If I write it out, I get $$[X,Y]=\text{ad}(X)(Y)=\frac{d}{ds}\text{Ad}(\exp sX)(Y)=\frac{d}{ds}\frac{d}{dt}C_{\exp sX}\exp tY=\frac{d}{ds}\frac{d}{dt}\exp sX \exp tY (\exp sX)^{-1}$$

What am I doing wrong?

  • 2
    $\begingroup$ See the comments here, why this is false. $\endgroup$ Apr 24, 2015 at 15:00
  • $\begingroup$ So my line of thought was right? Thanks! $\endgroup$ Apr 24, 2015 at 20:39

1 Answer 1


The formula is correct. Your approach will work and it should become clear what to do after putting in a cleverly placed "$-0$", namely consider that

$$\frac{d}{ds}\text{Ad}(\exp sX)(Y)|_{s=0}=\frac{d}{ds}(\text{Ad}(\exp sX)(Y)-Y)|_{s=0}$$

Now use the fact that $$\frac{d}{dt}f(t,t)|_{t=0}=\frac{d}{dt}f(t,0)|_{t=0}+\frac{d}{dt}f(0,t)|_{t=0}$$ for every smooth map $f:U\rightarrow M$ from a neigborhood $U$ of $0$ in $\mathbb{R}^2$ to a smooth manifold $M$.

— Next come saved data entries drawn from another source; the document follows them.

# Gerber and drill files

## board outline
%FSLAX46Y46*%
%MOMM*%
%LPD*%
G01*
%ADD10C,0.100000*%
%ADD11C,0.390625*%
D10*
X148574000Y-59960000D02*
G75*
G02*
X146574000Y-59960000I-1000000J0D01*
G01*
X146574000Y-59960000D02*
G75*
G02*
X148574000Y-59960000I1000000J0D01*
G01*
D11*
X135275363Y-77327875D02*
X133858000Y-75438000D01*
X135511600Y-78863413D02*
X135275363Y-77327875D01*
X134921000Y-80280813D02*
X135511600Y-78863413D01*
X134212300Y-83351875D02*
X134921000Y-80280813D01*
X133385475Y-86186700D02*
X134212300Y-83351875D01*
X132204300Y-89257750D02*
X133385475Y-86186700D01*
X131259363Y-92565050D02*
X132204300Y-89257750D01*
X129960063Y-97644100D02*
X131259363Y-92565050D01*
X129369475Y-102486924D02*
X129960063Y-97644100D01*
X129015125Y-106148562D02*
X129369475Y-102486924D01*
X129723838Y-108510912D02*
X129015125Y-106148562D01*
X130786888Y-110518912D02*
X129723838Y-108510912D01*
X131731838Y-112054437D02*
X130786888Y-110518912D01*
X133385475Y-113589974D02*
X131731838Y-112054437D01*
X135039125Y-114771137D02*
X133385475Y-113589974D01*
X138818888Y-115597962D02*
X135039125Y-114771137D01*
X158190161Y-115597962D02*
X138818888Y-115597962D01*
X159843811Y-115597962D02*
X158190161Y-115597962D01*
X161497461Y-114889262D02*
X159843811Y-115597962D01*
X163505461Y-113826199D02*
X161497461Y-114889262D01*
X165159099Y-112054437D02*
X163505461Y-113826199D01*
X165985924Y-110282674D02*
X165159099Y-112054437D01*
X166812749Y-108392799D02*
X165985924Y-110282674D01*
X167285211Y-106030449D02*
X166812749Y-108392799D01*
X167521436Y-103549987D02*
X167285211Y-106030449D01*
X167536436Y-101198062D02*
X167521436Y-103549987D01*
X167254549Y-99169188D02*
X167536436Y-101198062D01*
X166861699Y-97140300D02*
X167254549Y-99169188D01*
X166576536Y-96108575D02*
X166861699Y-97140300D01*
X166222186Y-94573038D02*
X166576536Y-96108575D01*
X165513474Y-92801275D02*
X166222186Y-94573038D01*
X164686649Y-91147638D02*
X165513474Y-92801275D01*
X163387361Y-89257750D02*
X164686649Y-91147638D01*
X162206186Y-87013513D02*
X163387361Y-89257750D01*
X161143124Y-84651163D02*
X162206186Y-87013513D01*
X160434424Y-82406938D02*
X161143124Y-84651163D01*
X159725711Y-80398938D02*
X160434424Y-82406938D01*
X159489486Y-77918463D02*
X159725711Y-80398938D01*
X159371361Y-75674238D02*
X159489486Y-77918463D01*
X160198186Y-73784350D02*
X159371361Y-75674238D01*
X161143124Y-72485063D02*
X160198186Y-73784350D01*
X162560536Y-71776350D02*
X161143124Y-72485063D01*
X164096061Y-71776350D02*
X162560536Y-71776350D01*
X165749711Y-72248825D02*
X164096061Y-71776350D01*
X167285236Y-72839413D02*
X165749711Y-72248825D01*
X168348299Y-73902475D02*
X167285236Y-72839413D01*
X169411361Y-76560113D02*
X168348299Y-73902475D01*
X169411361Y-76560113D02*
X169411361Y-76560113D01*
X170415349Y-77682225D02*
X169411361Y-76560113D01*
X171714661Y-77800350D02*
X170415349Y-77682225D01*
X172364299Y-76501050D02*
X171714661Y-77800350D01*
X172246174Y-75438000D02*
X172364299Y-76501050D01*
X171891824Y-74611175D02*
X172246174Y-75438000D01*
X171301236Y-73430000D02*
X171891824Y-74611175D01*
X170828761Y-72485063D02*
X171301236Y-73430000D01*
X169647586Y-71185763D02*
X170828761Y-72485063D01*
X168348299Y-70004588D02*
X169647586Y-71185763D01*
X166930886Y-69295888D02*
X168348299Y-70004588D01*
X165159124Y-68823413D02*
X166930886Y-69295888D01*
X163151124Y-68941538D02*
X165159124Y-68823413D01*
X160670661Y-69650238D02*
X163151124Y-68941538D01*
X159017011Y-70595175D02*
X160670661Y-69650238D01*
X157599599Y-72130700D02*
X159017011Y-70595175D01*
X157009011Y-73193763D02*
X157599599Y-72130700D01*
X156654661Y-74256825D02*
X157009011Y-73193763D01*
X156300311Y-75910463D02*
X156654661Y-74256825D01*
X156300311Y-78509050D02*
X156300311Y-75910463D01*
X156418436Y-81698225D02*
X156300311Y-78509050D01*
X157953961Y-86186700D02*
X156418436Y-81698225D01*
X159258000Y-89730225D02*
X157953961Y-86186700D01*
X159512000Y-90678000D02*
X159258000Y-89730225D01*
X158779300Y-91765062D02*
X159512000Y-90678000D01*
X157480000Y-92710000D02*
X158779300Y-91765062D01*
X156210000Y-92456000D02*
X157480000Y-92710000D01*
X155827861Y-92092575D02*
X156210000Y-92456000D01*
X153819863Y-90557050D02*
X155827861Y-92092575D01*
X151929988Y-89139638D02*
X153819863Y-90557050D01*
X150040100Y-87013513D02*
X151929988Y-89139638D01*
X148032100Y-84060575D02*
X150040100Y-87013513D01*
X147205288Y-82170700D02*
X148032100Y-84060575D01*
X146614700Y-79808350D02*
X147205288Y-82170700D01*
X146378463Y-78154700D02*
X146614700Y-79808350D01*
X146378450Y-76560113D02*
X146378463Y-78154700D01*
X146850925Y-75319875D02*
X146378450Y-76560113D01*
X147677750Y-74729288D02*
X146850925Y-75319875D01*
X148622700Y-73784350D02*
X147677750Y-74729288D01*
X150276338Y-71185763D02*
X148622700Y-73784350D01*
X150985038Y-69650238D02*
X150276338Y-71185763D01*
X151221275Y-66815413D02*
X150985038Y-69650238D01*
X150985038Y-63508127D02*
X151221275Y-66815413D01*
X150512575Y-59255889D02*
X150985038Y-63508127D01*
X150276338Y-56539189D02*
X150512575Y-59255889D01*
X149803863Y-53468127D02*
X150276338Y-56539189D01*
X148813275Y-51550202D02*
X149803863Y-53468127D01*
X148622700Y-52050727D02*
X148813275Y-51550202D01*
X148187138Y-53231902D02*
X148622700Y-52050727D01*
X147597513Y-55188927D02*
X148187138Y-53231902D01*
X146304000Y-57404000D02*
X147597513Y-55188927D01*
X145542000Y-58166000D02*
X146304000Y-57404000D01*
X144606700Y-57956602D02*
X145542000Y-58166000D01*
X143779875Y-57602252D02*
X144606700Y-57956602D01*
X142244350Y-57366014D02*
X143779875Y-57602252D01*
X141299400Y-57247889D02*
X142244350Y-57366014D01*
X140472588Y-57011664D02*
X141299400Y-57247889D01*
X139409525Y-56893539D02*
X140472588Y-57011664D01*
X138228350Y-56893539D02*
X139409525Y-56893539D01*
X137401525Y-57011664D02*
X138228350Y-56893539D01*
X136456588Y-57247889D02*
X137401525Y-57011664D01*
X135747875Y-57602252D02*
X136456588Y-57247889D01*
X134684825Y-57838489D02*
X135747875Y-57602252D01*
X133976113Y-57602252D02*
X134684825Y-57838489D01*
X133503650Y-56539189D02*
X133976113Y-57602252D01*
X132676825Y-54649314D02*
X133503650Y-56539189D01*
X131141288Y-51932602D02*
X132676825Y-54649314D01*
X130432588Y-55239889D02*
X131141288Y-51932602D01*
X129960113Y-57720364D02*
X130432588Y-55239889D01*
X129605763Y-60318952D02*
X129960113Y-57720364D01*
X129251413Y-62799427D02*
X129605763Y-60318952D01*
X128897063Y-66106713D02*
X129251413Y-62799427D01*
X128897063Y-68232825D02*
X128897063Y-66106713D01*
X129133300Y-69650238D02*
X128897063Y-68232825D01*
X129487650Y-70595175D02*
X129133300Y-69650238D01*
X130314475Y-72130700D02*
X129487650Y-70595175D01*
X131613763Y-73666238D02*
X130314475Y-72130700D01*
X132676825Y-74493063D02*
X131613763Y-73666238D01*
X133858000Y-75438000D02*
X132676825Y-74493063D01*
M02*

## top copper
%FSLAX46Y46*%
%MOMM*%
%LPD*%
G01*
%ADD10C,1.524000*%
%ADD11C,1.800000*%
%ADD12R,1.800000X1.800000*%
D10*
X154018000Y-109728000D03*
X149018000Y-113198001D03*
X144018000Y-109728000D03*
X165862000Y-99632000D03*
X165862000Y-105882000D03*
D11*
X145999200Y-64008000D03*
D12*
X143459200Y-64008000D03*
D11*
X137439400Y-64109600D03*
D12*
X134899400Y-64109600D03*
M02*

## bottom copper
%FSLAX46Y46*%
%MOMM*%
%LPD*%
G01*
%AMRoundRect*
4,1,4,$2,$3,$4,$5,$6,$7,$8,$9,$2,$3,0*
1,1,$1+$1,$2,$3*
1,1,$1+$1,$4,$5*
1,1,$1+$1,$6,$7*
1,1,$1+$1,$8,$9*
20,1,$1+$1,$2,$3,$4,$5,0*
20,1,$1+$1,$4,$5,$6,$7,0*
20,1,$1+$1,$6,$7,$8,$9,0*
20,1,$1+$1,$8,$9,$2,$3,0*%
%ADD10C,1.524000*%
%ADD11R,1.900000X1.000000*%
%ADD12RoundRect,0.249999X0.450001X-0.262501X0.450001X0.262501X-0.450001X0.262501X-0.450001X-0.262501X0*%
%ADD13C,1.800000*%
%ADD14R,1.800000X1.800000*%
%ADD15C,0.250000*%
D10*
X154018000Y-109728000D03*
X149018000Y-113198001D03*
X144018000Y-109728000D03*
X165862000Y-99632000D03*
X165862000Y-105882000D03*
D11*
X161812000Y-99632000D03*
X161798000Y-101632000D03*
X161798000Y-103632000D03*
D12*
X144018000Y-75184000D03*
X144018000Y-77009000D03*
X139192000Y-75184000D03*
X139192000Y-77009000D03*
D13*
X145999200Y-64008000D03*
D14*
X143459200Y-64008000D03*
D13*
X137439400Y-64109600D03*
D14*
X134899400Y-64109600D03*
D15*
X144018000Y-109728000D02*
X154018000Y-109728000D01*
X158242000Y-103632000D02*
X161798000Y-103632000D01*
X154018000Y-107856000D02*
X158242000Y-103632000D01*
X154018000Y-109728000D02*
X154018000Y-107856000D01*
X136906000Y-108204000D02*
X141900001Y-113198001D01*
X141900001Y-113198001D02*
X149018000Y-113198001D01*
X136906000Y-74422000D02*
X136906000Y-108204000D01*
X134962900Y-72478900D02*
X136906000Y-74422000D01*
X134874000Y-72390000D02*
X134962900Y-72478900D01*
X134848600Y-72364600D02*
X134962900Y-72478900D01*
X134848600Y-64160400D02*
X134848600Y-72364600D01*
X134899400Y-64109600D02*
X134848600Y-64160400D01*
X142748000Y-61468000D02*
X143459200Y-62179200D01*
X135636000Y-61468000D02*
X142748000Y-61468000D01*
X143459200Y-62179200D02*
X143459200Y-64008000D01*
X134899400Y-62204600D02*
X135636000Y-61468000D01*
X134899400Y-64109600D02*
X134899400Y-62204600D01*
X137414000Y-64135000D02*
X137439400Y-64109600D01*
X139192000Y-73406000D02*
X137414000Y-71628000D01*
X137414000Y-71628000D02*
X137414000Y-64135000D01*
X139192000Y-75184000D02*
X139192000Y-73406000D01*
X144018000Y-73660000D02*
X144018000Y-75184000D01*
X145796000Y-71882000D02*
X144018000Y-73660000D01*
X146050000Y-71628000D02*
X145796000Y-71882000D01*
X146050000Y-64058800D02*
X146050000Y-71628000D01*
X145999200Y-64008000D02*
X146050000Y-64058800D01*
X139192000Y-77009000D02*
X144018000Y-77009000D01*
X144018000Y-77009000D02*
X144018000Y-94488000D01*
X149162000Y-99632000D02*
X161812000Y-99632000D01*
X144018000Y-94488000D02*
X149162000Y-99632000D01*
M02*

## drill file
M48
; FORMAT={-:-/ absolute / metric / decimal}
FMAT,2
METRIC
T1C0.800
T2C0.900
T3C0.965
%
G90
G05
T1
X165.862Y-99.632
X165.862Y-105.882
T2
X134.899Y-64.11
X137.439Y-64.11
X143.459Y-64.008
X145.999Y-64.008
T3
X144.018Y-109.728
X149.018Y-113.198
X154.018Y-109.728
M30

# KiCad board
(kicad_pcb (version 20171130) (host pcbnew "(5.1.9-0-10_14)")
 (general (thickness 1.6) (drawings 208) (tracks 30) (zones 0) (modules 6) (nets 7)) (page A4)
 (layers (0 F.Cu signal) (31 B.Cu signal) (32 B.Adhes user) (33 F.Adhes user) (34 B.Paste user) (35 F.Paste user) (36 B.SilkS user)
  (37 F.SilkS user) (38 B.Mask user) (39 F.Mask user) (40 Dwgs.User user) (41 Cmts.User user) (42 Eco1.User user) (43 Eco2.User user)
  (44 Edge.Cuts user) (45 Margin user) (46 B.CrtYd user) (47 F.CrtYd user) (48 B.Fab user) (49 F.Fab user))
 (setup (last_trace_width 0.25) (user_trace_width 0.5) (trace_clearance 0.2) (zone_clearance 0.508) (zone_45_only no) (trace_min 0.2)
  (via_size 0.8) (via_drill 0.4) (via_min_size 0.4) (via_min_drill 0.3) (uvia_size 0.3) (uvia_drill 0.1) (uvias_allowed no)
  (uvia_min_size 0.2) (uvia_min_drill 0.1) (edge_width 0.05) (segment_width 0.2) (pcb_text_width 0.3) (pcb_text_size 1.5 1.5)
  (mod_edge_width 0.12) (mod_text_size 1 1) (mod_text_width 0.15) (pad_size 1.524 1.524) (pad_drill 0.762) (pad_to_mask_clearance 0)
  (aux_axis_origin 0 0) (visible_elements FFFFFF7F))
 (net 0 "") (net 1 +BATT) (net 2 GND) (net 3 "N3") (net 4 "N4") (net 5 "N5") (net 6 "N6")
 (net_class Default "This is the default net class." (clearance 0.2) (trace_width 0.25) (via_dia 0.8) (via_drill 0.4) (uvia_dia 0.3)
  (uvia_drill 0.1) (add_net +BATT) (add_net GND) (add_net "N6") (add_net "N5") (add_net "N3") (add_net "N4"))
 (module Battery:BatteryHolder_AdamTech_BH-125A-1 (layer B.Cu) (at 144.018 109.728)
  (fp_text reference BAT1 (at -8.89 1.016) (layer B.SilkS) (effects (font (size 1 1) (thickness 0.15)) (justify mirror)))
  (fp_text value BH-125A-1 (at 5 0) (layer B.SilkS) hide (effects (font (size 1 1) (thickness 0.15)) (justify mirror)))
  (pad POS2 thru_hole circle (at 10 0) (size 1.524 1.524) (drill 0.9652) (layers *.Cu *.Mask) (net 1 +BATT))
  (pad NEG thru_hole circle (at 5 3.470001) (size 1.524 1.524) (drill 0.9652) (layers *.Cu *.Mask) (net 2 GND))
  (pad POS1 thru_hole circle (at 0 0) (size 1.524 1.524) (drill 0.9652) (layers *.Cu *.Mask) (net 1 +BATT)))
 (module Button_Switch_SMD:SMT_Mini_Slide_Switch (layer B.Cu) (at 163.576 102.757 270)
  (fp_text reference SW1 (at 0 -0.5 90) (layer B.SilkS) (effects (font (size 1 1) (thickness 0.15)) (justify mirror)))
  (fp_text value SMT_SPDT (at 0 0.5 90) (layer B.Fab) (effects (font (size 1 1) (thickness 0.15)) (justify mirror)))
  (pad "" thru_hole circle (at -3.125 -2.286 270) (size 1.524 1.524) (drill 0.8) (layers *.Cu *.Mask))
  (pad "" thru_hole circle (at 3.125 -2.286 270) (size 1.524 1.524) (drill 0.8) (layers *.Cu *.Mask))
  (pad 1 smd rect (at -3.125 1.764 270) (size 1 1.9) (layers B.Cu B.Paste B.Mask) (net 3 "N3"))
  (pad 2 smd rect (at -1.125 1.778 270) (size 1 1.9) (layers B.Cu B.Paste B.Mask) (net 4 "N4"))
  (pad 3 smd rect (at 0.875 1.778 270) (size 1 1.9) (layers B.Cu B.Paste B.Mask) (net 1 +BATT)))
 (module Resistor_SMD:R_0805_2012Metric (layer B.Cu) (at 144.018 76.0965 90)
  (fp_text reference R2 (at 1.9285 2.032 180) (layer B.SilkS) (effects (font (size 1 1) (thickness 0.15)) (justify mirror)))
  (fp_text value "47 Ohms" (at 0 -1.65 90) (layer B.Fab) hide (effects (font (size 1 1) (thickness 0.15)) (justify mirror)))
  (pad 2 smd roundrect (at 0.9125 0 90) (size 1.025 1.4) (layers B.Cu B.Paste B.Mask) (roundrect_rratio 0.2439014634146341) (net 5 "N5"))
  (pad 1 smd roundrect (at -0.9125 0 90) (size 1.025 1.4) (layers B.Cu B.Paste B.Mask) (roundrect_rratio 0.2439014634146341) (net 3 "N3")))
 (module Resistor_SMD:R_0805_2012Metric (layer B.Cu) (at 139.192 76.0965 90)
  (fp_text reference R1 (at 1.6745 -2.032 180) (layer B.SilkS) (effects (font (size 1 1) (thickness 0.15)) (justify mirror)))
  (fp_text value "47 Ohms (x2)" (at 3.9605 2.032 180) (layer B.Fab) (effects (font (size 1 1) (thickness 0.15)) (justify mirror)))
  (pad 2 smd roundrect (at 0.9125 0 90) (size 1.025 1.4) (layers B.Cu B.Paste B.Mask) (roundrect_rratio 0.2439014634146341) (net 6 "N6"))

Here it is shown that the statement $d_{(e,e)}c(X,Y)=[X,Y]$ is false. Note however that $$d_{(e,e)}c(X,Y)=\frac{d}{dt}\exp(tX)\exp(tY)\exp(-tX)\exp(-tY)|_{t=0}$$ which is not the same as the formula you wrote. I think a source for what you are after is given in the comments at that post though.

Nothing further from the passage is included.